The artist who took this photograph is unknown, although this photograph is currently on display at the Museu Nacional d’Art de Catalunya in Barcelona, Spain. It is part of an exhibition based around war and the oppression of the Catalan people during the fascism regime of Franco in the 20th century.
As one can imagine, this piece documents a serious period in Spanish history. The photograph depicts an accurate demonstration of a Catalan female’s foot, with traditional garments. The foot is standing over a swastika which was used as a symbol during and post the second world war by the Nazi regime. The connection between this symbol and the Spanish times is that Adolf Hitler financially aided Franco’s heavy political hand. The Franco era endured from 1939 to 1975 and saw the annulment of democratic liberaties, the prohibition and persecution of parties, the rise of through going censorship, and the banning of leftist institutions. This also lead to the repression of Catalan culture, and even deaths of the Catalan people.
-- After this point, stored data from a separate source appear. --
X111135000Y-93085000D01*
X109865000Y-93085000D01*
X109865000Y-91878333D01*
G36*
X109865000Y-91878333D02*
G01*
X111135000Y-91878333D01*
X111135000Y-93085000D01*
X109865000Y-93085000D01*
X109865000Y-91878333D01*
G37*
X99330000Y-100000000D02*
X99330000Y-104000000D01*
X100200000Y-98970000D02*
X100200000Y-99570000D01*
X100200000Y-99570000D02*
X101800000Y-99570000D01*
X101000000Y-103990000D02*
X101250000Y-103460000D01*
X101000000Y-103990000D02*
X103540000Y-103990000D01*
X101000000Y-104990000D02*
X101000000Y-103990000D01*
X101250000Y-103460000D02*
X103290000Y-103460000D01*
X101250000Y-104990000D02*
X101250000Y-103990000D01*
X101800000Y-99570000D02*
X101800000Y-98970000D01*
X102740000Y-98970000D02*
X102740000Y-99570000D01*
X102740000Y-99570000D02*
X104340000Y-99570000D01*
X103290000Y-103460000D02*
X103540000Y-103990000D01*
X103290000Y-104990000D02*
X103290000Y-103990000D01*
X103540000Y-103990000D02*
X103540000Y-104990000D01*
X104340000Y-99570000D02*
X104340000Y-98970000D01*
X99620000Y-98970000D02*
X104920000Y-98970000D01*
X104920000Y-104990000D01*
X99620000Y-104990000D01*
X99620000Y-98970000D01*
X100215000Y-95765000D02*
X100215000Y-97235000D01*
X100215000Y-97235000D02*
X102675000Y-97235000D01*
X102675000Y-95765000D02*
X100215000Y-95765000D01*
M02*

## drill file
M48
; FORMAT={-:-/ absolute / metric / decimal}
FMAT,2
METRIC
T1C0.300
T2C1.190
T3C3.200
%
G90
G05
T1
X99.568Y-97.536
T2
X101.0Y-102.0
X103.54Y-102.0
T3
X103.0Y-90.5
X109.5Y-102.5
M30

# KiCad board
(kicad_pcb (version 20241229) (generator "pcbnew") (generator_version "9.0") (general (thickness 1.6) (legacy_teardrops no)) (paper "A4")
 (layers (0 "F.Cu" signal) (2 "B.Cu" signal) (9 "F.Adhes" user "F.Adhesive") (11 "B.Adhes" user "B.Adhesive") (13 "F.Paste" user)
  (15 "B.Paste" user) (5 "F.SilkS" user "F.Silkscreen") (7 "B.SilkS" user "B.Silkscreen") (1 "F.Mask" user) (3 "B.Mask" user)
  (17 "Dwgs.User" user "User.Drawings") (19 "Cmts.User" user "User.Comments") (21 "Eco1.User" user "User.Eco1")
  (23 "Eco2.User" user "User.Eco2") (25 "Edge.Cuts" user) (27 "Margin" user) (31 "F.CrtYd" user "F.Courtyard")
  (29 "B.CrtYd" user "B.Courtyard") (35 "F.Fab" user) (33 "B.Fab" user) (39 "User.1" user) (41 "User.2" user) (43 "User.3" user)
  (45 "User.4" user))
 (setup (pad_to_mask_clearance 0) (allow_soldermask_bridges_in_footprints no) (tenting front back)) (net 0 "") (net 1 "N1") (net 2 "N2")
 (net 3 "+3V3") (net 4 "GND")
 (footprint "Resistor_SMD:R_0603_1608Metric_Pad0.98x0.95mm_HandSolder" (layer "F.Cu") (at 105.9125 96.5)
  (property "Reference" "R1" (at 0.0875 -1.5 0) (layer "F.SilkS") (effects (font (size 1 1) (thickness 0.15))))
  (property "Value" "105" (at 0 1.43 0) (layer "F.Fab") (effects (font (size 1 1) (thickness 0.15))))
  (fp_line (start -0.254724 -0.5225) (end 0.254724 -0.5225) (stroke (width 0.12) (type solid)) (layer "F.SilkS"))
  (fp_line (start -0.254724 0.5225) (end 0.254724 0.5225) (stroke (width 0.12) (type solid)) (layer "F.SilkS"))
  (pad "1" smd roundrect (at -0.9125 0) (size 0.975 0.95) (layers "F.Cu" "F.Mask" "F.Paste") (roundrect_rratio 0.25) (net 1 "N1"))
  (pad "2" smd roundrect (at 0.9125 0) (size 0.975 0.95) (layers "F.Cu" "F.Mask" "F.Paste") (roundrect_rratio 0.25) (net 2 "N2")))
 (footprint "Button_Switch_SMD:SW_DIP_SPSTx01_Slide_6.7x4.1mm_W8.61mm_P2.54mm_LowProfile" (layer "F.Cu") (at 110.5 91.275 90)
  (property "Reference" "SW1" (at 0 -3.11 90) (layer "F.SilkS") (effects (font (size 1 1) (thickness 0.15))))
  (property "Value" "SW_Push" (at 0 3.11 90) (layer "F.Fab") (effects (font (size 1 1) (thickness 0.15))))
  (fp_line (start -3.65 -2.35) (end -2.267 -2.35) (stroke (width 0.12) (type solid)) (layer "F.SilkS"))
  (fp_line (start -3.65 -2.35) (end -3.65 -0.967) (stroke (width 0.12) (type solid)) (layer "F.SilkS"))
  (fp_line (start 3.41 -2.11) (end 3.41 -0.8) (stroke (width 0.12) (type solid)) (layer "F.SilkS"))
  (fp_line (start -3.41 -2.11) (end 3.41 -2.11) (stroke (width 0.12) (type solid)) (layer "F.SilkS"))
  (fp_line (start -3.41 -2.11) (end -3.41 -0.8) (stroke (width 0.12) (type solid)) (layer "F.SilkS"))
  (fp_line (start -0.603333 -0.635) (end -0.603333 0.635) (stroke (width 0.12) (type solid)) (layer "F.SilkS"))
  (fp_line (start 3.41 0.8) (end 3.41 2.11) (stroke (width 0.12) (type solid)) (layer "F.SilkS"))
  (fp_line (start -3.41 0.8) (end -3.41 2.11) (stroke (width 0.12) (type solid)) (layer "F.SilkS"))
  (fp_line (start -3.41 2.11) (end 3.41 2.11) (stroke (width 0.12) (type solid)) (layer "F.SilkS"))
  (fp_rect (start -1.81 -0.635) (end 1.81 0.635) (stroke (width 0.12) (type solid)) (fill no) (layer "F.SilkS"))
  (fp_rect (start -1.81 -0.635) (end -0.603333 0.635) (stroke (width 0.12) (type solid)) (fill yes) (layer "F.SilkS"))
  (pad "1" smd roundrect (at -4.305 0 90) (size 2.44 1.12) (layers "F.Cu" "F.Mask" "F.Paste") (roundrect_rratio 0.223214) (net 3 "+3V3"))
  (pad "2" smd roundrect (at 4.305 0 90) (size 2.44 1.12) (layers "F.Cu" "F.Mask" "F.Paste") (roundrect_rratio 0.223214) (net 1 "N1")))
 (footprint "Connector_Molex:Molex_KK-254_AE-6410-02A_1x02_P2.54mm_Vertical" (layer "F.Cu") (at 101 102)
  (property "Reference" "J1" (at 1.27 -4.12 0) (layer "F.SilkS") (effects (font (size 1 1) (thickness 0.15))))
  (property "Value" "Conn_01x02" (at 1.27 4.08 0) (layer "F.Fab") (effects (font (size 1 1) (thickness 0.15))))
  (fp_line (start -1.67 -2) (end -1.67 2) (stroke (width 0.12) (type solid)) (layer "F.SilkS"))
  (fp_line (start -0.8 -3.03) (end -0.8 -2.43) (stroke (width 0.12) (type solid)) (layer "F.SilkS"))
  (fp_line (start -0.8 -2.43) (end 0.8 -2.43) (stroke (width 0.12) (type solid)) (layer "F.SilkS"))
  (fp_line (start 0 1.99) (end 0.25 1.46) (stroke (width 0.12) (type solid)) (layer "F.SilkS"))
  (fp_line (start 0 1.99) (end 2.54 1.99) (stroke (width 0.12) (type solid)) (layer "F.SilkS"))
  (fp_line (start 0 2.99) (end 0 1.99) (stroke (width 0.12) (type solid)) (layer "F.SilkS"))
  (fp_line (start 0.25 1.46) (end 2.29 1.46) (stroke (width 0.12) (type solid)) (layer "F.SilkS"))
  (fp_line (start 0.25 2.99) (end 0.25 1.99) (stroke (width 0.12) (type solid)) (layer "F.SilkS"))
The regime ended after Franco’s death.
Created in 2014, Kastner’s “Inventory of Dreams” is made with oil paints and stands to be 60″ by 84″. This artwork has traveled across Canada in an exhibition entitled “The Wasteland“. The exhibition as a whole is gaining attention, and for good reason.
In particular, this stunning painting depicts a vacated premises, along with the combination of architectural configurations and the excess accumulation of stuff. The idea of time and space is discussed along with “the volume and speed of things made, shipped, gathered, and discarded”. “The artist is suggesting that we imagine what it might be like to visit these places and to leave without the satisfaction of ever having a meaningful encounter with the inhabitants, as they are hidden away behind their discarded belongings”.
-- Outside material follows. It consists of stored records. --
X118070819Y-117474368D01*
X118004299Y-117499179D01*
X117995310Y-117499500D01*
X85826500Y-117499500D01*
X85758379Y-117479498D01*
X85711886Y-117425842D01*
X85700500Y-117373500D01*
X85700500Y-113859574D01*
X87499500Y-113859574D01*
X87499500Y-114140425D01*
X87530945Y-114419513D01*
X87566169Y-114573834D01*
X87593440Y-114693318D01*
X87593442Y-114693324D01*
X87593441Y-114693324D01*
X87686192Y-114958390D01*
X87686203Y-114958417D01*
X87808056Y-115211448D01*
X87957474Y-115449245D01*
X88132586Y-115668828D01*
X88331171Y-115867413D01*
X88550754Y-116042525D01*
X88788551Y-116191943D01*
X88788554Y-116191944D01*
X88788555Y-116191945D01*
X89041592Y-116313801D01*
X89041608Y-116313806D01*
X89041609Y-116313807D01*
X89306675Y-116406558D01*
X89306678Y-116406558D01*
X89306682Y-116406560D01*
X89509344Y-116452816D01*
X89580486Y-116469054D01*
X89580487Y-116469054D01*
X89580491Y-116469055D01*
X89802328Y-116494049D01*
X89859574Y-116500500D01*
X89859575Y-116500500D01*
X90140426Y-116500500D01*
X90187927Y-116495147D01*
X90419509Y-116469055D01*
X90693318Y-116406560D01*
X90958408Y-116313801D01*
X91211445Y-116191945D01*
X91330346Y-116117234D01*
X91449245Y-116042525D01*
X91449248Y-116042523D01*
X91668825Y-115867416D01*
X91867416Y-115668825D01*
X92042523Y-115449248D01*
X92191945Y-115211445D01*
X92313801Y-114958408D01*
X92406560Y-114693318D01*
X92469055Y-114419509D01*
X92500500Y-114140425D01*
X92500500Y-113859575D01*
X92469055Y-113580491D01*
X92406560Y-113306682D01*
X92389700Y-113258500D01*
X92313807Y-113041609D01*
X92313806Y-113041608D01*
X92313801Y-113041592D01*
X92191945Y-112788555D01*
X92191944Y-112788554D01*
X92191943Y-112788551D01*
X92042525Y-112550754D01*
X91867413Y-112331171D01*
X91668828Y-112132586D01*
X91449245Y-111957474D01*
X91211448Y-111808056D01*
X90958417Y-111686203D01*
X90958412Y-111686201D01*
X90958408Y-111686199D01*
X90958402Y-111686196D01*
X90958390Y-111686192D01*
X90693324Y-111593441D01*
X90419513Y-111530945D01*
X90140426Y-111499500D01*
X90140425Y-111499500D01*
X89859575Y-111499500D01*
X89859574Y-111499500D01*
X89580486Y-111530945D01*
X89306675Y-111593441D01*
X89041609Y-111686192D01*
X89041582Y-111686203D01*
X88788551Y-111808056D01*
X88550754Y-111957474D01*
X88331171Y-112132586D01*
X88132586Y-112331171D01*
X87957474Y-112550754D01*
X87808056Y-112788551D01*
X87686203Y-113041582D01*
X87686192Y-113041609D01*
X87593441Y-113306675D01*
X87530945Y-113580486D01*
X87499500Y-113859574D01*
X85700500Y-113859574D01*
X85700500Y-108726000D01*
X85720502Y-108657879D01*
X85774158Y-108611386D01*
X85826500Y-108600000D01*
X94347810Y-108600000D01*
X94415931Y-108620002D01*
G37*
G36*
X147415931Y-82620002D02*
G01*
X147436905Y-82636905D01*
As Andrea says, “At the heart of my work is the concept that our trash is akin to our unconscious mind. When we throw away our rubbish at the end of the week, we seal it into a black bag in an act of forgetting, wishing to never see it again. The very idea of someone else glimpsing the contents of our garbage seems incredibly intimate or invasive. My paintings are something of an act of acknowledgement toward this largely private and unexplored realm of our possessions. Even the landfills are teeming with our stuff, though we choose to disavow it. These mountains of things are a sort of accidental construction of our times, a shadow city built beside the one we live in. I wish to take a symbolic inventory of these things, to claim them as part of our lives.”
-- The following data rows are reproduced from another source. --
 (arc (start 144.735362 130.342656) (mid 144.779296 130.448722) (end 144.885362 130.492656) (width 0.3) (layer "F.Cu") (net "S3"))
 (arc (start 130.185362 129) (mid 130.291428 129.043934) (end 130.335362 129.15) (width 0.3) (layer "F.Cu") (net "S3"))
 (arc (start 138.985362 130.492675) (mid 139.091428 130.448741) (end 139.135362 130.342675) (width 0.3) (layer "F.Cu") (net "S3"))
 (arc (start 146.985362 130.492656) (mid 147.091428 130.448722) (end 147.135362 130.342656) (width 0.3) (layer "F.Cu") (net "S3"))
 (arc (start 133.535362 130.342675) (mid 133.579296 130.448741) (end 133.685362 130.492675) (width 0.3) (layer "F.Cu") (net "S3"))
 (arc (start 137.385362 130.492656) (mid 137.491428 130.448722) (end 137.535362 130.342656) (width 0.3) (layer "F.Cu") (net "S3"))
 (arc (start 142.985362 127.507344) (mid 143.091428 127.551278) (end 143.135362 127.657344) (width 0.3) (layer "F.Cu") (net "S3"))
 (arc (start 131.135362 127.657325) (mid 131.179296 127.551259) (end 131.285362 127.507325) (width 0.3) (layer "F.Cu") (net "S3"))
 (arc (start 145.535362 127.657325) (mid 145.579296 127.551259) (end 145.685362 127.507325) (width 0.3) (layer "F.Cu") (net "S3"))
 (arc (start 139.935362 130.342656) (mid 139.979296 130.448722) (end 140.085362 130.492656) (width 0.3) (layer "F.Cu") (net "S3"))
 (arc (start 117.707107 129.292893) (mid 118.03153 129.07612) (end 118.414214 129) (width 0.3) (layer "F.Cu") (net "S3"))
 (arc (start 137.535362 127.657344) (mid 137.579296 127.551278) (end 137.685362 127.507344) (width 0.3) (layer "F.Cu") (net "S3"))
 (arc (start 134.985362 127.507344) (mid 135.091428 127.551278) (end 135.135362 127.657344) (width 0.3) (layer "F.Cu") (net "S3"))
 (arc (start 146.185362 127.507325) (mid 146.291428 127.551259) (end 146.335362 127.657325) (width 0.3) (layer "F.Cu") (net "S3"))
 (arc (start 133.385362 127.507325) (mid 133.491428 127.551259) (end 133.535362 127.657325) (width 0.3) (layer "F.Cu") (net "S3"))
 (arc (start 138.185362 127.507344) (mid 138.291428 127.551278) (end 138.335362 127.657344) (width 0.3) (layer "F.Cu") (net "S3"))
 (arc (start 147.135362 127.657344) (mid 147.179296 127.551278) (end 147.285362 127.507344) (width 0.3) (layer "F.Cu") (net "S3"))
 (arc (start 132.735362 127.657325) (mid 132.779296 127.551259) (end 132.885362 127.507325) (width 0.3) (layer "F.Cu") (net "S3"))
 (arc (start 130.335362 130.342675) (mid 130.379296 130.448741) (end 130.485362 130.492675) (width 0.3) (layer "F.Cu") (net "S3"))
This famous artwork by post-impressionist Dutch painter, Vincent van Gogh is on display at the Museum of Modern Art in New York City. It was painted in June 1889 and is known as one of the most recognized paintings in the history of Western culture.
“The Starry Night” depicts Van Gogh’s view from the Saint-Paul-de-Mausole asylum near Saint-Remy-de-Provence during one his breakdowns. This little known fact took place in the winter of 1888, when Van Gogh checked himself into the institution. Art historians determined that Van Gogh intentionally left out the iron bars from this view. Of his inspiration, Van Gogh wrote in a letter to his brother, Theo, “This morning I saw the country from my window a long time before sunrise, with nothing but the morning star, which looked very big.” The morning star referenced in this letter was actually the planet Venus which was in alignment with Earth at this time period.
It has also been said by art historians that creative license was given in regards to the city below, and that from this view that the artist hard, the township of Saint-Remy would not have been visible. The disorder that is discussed in this piece is of course, psychological, and often this type of disorder goes misunderstood even in current times.